§ Problem to solve
Find the word "reference" in the data. Return every line where it appears.

§ Source data

----------

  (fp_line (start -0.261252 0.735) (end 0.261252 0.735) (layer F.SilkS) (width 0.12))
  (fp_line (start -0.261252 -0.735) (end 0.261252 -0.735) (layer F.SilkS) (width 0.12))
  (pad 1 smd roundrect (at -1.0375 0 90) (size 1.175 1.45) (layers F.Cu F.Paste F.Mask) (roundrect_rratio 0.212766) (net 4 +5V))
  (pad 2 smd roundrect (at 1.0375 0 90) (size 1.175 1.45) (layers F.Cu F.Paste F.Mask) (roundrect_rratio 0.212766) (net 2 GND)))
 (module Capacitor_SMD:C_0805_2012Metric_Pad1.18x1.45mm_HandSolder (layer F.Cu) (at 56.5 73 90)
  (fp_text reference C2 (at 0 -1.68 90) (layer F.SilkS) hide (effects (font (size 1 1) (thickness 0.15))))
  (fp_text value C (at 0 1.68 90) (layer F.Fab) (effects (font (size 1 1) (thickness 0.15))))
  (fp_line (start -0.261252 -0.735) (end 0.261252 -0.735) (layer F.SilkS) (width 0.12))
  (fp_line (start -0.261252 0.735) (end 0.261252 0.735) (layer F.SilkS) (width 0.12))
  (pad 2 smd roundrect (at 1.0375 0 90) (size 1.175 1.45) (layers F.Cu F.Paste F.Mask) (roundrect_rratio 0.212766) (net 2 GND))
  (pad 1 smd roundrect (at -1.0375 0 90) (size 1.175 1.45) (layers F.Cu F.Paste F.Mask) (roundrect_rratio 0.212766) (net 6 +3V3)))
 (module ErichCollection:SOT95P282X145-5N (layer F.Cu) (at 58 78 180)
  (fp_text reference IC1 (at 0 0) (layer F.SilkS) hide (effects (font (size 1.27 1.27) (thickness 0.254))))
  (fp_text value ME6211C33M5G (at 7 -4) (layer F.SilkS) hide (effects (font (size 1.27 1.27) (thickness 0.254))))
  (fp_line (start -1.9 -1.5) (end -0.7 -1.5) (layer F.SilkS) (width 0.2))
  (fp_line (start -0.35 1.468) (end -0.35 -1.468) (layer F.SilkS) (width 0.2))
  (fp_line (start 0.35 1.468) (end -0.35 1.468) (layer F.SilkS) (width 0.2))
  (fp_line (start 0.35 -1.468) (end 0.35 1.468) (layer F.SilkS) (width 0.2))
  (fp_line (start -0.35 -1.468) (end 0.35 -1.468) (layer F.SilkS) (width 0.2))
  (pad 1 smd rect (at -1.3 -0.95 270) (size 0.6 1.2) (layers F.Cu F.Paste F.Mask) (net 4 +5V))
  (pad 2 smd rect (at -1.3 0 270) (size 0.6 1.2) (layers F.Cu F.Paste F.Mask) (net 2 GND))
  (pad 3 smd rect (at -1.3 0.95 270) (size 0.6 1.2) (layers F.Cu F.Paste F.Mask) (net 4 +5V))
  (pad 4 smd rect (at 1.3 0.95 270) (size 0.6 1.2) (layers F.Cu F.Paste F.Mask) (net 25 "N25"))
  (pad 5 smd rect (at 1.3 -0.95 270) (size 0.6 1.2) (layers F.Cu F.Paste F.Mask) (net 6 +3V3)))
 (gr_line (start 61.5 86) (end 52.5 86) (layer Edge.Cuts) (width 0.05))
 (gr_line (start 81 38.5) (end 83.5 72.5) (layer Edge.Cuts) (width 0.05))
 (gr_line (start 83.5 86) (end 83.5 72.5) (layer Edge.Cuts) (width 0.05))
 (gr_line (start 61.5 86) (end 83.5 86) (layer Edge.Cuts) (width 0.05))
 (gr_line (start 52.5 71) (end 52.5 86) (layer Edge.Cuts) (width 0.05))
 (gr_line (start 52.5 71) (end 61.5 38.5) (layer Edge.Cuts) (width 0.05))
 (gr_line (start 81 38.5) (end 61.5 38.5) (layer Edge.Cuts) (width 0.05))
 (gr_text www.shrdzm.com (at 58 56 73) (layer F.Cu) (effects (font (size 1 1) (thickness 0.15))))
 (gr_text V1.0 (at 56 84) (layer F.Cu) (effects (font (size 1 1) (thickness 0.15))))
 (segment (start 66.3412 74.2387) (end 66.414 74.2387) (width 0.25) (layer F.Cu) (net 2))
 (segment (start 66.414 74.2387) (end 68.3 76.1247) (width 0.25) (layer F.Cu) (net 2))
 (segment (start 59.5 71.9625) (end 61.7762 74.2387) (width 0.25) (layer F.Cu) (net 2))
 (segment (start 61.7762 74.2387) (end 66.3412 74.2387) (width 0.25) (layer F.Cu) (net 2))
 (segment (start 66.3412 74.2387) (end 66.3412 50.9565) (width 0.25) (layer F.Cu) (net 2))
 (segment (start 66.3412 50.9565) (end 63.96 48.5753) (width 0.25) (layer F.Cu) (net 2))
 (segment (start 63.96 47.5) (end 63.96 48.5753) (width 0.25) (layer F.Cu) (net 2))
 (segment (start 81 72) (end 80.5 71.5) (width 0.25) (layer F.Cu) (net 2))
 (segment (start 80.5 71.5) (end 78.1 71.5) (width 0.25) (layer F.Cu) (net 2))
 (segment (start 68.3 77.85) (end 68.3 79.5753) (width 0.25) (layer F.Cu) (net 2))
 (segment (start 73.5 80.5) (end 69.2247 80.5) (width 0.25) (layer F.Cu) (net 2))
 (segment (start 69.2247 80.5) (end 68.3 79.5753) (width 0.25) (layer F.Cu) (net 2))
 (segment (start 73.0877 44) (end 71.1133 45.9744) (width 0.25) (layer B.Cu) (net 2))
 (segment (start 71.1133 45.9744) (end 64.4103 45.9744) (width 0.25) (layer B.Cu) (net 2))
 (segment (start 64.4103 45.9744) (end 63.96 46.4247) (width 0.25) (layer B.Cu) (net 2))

----------

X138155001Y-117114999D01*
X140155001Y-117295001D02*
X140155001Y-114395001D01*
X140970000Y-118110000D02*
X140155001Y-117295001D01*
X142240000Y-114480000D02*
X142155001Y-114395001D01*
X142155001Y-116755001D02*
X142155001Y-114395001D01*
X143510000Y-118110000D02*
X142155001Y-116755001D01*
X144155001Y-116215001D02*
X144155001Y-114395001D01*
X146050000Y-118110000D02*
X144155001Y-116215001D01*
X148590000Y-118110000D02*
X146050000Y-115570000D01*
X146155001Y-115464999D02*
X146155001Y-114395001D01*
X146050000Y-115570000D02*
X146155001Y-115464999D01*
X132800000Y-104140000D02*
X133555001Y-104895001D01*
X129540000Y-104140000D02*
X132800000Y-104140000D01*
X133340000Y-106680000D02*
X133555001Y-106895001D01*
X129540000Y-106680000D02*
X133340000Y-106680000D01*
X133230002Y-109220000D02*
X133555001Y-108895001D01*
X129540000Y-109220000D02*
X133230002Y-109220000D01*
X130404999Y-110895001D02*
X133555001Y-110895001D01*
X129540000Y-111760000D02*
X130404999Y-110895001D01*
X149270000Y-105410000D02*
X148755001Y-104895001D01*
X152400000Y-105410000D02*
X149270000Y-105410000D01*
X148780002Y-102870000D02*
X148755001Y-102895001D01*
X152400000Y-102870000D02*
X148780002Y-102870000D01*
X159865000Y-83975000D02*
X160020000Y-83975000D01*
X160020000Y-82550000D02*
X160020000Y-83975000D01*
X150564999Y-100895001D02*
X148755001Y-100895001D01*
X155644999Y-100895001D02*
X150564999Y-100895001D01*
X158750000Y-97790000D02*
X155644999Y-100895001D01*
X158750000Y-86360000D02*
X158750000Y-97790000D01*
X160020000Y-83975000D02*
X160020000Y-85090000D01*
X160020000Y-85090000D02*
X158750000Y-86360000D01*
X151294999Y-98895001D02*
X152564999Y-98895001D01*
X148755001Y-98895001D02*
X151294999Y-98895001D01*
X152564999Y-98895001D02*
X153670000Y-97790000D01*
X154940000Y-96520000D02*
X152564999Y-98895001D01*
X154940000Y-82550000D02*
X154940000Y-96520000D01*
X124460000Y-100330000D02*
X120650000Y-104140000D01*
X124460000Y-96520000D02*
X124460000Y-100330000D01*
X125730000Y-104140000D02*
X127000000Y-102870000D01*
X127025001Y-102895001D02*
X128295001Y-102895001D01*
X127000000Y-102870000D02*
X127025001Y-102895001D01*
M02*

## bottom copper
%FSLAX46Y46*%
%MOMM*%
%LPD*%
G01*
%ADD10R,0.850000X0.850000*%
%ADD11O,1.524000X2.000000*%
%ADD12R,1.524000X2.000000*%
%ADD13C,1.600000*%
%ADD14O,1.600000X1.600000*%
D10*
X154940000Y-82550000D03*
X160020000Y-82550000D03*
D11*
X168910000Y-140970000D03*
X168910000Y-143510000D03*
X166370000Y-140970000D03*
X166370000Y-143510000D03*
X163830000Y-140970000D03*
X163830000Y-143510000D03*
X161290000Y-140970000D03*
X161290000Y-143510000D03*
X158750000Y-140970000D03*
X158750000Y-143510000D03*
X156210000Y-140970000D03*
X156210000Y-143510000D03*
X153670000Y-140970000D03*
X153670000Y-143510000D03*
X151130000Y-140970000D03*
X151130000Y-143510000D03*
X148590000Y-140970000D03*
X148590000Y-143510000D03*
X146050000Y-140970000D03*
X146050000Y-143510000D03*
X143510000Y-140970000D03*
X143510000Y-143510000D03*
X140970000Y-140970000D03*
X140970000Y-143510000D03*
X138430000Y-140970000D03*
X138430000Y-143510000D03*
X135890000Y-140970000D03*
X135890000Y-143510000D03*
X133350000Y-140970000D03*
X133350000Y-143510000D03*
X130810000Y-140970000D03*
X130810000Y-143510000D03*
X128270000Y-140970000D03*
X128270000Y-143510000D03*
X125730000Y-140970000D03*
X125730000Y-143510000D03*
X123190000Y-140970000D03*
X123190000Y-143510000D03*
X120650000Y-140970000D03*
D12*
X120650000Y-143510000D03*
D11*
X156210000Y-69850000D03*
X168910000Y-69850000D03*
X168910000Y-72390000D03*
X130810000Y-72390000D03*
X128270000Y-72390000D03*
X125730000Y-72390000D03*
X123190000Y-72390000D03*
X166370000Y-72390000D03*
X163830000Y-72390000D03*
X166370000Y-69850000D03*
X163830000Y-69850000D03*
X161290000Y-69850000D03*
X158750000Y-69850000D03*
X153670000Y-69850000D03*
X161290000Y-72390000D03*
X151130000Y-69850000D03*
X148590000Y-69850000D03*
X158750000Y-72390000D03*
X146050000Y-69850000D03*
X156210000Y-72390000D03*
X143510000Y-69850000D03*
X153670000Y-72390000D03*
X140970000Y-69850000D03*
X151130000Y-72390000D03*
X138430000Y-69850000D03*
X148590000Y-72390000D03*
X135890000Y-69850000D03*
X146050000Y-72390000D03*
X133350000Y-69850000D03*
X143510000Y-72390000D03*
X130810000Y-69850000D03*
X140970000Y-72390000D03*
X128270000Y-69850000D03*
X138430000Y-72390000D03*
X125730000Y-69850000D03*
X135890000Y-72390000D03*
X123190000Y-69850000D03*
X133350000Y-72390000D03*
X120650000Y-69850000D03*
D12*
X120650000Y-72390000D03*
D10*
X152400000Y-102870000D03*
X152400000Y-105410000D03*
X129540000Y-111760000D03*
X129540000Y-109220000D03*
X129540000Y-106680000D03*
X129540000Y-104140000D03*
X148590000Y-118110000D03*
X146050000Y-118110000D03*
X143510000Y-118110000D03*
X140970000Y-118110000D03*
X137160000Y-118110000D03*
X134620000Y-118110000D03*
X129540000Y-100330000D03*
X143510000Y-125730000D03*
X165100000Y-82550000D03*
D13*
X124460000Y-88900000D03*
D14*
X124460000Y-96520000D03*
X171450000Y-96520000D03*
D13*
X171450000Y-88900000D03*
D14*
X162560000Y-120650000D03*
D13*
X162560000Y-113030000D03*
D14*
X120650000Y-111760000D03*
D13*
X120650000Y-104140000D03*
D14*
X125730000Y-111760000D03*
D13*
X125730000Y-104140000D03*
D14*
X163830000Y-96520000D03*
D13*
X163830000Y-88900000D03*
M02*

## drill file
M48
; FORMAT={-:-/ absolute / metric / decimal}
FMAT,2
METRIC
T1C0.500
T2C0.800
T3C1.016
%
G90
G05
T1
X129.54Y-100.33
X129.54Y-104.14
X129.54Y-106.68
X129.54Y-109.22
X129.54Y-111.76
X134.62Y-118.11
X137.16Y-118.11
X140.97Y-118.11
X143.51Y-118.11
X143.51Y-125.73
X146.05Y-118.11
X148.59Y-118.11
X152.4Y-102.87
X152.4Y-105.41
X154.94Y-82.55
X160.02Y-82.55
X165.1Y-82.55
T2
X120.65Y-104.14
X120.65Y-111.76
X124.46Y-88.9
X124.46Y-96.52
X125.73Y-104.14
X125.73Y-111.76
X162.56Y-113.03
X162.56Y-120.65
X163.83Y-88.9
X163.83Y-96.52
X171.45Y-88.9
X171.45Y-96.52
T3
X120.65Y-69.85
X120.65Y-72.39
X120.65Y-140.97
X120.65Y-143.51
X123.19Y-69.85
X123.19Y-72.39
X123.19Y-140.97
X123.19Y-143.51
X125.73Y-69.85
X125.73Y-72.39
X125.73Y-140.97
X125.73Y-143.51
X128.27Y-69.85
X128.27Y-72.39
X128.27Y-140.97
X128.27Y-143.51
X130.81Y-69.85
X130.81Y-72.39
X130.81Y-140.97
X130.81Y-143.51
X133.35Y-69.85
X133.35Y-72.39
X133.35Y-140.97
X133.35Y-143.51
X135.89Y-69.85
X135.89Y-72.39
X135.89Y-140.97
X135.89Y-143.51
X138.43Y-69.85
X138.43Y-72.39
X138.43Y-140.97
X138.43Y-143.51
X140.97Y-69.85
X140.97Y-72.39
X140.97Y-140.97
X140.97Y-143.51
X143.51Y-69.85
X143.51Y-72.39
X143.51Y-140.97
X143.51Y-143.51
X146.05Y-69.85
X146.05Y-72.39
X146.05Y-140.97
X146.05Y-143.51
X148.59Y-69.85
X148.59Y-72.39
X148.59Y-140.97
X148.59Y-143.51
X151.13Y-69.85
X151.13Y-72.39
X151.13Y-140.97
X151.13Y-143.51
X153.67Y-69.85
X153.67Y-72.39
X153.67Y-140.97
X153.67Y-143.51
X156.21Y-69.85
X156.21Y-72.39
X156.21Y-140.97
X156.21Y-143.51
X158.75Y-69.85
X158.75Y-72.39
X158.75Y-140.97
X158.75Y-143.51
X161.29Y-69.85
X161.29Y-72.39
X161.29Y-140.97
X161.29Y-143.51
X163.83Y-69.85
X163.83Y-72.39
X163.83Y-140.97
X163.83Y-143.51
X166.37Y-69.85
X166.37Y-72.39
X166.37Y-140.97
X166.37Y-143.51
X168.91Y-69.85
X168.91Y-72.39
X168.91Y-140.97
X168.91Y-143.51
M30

----------

§ Response to the task
  (fp_text reference C2 (at 0 -1.68 90) (layer F.SilkS) hide (effects (font (size 1 1) (thickness 0.15))))
  (fp_text reference IC1 (at 0 0) (layer F.SilkS) hide (effects (font (size 1.27 1.27) (thickness 0.254))))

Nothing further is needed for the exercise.